→ Record excerpts
--
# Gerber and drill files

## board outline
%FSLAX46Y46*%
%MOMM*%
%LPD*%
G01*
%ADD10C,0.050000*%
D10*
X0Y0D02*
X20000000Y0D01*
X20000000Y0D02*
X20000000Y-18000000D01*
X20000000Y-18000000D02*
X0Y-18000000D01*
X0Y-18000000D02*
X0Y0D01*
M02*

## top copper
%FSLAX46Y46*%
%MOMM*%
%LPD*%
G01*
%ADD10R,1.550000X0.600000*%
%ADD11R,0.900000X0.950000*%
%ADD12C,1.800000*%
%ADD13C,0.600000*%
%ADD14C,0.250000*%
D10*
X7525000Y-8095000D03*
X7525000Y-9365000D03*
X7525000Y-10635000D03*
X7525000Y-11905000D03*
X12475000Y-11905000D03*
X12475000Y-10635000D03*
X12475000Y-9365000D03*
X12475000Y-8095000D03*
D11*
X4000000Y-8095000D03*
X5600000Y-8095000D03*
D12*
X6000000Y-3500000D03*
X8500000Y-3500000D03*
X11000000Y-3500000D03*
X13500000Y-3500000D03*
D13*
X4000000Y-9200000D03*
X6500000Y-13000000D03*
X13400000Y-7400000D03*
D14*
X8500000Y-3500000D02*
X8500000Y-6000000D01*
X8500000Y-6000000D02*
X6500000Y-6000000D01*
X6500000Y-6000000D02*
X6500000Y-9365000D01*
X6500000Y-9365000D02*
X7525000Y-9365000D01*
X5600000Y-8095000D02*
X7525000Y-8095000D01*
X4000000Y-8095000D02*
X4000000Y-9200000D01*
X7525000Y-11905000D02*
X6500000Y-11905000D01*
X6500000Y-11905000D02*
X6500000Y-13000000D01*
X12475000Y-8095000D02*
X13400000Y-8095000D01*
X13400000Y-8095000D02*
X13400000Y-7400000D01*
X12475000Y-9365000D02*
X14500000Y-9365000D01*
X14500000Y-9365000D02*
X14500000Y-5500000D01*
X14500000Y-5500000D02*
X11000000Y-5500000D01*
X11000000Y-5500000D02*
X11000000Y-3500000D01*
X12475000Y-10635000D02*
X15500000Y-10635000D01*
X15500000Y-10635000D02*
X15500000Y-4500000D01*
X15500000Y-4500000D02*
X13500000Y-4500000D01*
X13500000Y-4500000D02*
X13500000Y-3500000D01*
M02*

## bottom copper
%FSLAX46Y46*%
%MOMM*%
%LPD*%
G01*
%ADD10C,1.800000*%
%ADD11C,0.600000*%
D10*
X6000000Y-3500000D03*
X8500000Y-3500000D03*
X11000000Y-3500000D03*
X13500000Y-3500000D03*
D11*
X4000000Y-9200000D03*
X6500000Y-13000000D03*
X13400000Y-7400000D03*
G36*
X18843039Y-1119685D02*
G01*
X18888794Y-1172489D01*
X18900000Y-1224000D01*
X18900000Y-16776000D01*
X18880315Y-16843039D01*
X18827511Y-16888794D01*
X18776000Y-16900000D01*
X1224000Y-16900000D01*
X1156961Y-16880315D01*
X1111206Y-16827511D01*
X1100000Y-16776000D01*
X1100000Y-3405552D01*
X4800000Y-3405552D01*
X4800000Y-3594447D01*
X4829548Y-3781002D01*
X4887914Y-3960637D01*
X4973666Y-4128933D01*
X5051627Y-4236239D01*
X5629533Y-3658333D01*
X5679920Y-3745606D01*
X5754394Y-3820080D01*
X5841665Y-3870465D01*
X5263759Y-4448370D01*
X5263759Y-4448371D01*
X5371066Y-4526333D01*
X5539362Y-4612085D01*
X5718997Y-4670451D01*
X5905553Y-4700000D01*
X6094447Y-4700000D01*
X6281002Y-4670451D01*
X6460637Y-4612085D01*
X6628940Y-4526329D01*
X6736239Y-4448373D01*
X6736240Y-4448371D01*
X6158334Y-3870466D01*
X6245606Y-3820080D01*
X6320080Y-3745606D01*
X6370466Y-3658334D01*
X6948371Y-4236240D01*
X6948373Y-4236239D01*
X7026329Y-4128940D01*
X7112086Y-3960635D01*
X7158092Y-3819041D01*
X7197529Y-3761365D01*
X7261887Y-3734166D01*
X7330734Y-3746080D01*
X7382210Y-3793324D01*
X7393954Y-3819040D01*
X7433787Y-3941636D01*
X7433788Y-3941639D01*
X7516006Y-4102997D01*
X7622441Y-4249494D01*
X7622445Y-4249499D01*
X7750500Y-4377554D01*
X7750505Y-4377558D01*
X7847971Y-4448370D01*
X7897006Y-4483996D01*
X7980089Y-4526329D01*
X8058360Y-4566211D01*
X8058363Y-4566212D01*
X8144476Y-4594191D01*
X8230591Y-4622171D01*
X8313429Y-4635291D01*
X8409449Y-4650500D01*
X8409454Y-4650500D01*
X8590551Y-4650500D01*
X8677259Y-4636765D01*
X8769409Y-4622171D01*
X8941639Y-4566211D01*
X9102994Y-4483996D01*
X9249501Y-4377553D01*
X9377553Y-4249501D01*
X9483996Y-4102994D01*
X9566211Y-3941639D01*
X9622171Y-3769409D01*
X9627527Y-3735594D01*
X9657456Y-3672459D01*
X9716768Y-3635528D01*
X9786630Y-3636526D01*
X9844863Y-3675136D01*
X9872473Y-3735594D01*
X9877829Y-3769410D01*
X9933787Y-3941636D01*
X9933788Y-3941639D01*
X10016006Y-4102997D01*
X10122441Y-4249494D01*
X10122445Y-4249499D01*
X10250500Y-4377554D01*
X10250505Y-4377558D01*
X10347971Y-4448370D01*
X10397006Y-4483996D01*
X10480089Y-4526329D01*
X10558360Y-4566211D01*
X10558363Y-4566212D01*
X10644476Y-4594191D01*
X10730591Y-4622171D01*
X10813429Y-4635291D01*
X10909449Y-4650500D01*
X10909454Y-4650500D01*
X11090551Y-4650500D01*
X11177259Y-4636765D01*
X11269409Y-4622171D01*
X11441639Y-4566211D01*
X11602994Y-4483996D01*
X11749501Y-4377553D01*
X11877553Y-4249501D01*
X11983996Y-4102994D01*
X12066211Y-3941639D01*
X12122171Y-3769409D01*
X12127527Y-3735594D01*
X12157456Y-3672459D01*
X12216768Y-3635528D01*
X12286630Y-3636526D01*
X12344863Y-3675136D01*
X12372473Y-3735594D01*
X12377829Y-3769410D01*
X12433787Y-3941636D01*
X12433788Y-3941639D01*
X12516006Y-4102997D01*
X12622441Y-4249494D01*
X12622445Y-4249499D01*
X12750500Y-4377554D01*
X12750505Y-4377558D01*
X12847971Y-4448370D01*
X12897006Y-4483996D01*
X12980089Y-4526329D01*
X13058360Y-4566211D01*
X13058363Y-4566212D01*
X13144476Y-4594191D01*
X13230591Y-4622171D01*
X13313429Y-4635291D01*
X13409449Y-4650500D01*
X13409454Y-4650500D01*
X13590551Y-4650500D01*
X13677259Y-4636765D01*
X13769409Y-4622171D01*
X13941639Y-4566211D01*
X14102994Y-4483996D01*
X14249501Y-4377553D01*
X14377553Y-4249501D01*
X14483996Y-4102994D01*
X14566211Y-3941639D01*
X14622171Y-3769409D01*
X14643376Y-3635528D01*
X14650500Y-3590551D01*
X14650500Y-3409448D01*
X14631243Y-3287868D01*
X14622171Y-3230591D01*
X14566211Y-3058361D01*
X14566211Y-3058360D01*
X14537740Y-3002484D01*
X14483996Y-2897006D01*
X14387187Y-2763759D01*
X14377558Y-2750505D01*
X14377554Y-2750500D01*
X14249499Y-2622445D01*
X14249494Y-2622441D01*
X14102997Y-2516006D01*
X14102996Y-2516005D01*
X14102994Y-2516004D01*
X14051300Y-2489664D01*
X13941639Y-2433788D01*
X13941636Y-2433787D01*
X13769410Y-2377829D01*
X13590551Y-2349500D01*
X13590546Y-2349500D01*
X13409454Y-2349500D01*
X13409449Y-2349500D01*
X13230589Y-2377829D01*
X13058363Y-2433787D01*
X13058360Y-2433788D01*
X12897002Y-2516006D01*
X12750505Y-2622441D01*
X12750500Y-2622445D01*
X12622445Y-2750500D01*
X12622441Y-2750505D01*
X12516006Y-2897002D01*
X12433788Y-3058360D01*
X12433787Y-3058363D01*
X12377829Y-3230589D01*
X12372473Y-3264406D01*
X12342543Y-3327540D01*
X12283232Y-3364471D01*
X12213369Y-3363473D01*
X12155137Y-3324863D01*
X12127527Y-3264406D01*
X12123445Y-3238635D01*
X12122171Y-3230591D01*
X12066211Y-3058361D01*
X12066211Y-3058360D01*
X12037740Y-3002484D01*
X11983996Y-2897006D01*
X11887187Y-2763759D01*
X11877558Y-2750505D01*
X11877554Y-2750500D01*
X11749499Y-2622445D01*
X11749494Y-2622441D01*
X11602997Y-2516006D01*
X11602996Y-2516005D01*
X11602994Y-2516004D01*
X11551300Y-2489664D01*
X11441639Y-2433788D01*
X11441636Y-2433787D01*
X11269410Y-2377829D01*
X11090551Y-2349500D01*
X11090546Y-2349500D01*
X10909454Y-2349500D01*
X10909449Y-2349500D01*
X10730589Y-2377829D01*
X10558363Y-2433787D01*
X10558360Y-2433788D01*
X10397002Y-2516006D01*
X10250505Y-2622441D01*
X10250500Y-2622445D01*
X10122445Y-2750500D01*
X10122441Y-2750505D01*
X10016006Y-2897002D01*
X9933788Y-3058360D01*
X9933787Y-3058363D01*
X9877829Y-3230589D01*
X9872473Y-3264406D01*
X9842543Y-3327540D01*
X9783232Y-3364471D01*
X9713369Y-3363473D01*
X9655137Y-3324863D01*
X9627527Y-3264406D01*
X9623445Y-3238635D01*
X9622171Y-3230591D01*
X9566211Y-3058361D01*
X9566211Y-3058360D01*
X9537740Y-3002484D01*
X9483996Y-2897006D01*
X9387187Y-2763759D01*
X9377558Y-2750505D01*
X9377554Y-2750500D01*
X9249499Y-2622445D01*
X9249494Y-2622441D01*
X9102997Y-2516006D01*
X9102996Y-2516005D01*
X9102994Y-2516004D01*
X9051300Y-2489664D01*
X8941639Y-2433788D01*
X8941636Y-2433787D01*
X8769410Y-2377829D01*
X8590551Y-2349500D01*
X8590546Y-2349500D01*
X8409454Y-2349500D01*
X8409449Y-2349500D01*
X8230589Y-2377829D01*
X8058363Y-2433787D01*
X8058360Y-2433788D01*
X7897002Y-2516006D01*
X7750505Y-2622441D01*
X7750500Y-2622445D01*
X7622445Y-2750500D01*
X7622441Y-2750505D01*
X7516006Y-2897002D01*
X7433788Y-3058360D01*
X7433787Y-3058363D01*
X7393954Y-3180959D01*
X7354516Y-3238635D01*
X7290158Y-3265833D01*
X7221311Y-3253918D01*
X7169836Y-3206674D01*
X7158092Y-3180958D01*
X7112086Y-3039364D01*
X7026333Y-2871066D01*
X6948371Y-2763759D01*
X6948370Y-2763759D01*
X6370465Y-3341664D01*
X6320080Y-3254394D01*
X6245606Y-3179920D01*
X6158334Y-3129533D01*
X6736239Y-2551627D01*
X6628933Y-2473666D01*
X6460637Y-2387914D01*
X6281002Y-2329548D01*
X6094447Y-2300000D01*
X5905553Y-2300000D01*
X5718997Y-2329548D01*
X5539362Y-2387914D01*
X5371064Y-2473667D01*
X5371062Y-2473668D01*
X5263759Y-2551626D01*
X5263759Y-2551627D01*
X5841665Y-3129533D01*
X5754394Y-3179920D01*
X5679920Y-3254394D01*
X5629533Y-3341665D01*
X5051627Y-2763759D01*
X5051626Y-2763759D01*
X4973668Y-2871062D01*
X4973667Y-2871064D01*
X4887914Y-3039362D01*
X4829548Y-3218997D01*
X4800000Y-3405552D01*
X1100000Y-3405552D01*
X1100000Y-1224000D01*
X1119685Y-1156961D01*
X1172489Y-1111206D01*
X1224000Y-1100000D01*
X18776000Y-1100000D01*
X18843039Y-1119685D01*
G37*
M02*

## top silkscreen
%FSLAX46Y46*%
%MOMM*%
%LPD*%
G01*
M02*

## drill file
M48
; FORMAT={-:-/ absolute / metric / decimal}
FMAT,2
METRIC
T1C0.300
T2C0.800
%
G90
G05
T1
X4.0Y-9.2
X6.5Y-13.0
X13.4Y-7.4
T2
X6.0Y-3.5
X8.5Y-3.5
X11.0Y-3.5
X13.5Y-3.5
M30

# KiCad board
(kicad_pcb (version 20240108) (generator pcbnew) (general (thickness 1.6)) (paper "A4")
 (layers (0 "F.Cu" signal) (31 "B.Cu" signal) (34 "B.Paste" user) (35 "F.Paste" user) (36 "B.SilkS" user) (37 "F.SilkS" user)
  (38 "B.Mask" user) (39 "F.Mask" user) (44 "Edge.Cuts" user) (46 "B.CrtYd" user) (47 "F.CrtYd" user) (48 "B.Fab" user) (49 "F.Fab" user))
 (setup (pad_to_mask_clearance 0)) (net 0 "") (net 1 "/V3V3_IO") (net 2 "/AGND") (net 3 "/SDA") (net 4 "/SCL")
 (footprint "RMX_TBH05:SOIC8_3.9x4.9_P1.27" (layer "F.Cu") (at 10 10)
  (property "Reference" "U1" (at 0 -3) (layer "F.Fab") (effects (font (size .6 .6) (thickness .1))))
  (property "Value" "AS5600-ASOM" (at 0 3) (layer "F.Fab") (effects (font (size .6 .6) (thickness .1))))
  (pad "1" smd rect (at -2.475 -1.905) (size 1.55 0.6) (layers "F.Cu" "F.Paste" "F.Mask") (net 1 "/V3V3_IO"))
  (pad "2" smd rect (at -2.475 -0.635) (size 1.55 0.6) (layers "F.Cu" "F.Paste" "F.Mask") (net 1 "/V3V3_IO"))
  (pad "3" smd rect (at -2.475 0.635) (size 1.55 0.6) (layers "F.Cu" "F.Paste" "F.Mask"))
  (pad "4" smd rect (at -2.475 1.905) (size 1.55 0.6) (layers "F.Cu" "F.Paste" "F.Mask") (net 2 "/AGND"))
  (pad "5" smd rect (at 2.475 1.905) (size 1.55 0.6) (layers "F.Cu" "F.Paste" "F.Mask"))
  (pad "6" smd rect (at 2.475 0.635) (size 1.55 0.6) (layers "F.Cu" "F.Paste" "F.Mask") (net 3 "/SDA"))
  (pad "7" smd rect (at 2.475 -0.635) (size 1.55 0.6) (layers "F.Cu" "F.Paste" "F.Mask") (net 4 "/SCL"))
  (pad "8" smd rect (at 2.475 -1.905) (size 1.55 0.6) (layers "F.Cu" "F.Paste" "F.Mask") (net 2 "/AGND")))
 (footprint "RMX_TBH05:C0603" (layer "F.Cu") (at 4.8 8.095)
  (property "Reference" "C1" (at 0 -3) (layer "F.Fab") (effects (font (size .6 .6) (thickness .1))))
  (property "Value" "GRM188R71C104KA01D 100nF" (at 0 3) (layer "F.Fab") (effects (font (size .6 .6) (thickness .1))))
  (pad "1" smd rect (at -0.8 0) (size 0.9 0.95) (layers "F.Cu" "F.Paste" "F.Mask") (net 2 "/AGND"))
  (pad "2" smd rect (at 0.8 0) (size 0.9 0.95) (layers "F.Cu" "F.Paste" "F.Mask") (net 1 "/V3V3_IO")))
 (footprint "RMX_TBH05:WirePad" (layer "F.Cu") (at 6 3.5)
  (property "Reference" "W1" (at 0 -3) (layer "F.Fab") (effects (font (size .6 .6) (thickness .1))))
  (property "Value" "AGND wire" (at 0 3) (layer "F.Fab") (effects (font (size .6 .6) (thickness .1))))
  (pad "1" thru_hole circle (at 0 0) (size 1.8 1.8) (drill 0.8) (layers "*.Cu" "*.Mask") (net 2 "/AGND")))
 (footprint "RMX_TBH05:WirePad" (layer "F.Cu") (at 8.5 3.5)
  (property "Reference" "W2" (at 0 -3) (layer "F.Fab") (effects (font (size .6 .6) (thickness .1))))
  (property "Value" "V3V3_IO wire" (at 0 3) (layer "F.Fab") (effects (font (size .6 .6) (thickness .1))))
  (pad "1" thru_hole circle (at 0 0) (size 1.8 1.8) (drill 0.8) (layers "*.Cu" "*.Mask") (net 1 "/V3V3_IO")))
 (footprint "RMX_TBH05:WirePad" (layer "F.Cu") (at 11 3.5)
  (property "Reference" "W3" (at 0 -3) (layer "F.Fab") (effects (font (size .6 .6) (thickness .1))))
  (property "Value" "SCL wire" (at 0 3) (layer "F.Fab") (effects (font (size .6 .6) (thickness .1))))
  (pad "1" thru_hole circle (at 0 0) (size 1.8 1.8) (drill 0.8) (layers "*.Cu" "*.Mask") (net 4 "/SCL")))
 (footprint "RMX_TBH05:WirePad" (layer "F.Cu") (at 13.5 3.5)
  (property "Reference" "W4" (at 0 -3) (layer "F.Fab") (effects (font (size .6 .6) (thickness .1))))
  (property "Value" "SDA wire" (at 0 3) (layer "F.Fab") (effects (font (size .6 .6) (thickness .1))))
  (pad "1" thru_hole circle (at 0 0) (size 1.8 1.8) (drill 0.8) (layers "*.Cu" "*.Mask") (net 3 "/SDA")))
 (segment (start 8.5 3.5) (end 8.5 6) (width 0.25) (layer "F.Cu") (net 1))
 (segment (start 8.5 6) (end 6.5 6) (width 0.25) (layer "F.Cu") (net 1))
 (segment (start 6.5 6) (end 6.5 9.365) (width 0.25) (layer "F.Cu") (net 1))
--
→ What the task asks
Starting with the line with "X12122171Y-3769409D01*" above and going on through the line with "X12750500Y-2622445D01*", transcribe every line exactly, both ends included, and add nothing.

→ Result for this exercise
X12122171Y-3769409D01*
X12127527Y-3735594D01*
X12157456Y-3672459D01*
X12216768Y-3635528D01*
X12286630Y-3636526D01*
X12344863Y-3675136D01*
X12372473Y-3735594D01*
X12377829Y-3769410D01*
X12433787Y-3941636D01*
X12433788Y-3941639D01*
X12516006Y-4102997D01*
X12622441Y-4249494D01*
X12622445Y-4249499D01*
X12750500Y-4377554D01*
X12750505Y-4377558D01*
X12847971Y-4448370D01*
X12897006Y-4483996D01*
X12980089Y-4526329D01*
X13058360Y-4566211D01*
X13058363Y-4566212D01*
X13144476Y-4594191D01*
X13230591Y-4622171D01*
X13313429Y-4635291D01*
X13409449Y-4650500D01*
X13409454Y-4650500D01*
X13590551Y-4650500D01*
X13677259Y-4636765D01*
X13769409Y-4622171D01*
X13941639Y-4566211D01*
X14102994Y-4483996D01*
X14249501Y-4377553D01*
X14377553Y-4249501D01*
X14483996Y-4102994D01*
X14566211Y-3941639D01*
X14622171Y-3769409D01*
X14643376Y-3635528D01*
X14650500Y-3590551D01*
X14650500Y-3409448D01*
X14631243Y-3287868D01*
X14622171Y-3230591D01*
X14566211Y-3058361D01*
X14566211Y-3058360D01*
X14537740Y-3002484D01*
X14483996Y-2897006D01*
X14387187Y-2763759D01*
X14377558Y-2750505D01*
X14377554Y-2750500D01*
X14249499Y-2622445D01*
X14249494Y-2622441D01*
X14102997Y-2516006D01*
X14102996Y-2516005D01*
X14102994Y-2516004D01*
X14051300Y-2489664D01*
X13941639Y-2433788D01*
X13941636Y-2433787D01*
X13769410Y-2377829D01*
X13590551Y-2349500D01*
X13590546Y-2349500D01*
X13409454Y-2349500D01*
X13409449Y-2349500D01*
X13230589Y-2377829D01*
X13058363Y-2433787D01*
X13058360Y-2433788D01*
X12897002Y-2516006D01*
X12750505Y-2622441D01*
X12750500Y-2622445D01*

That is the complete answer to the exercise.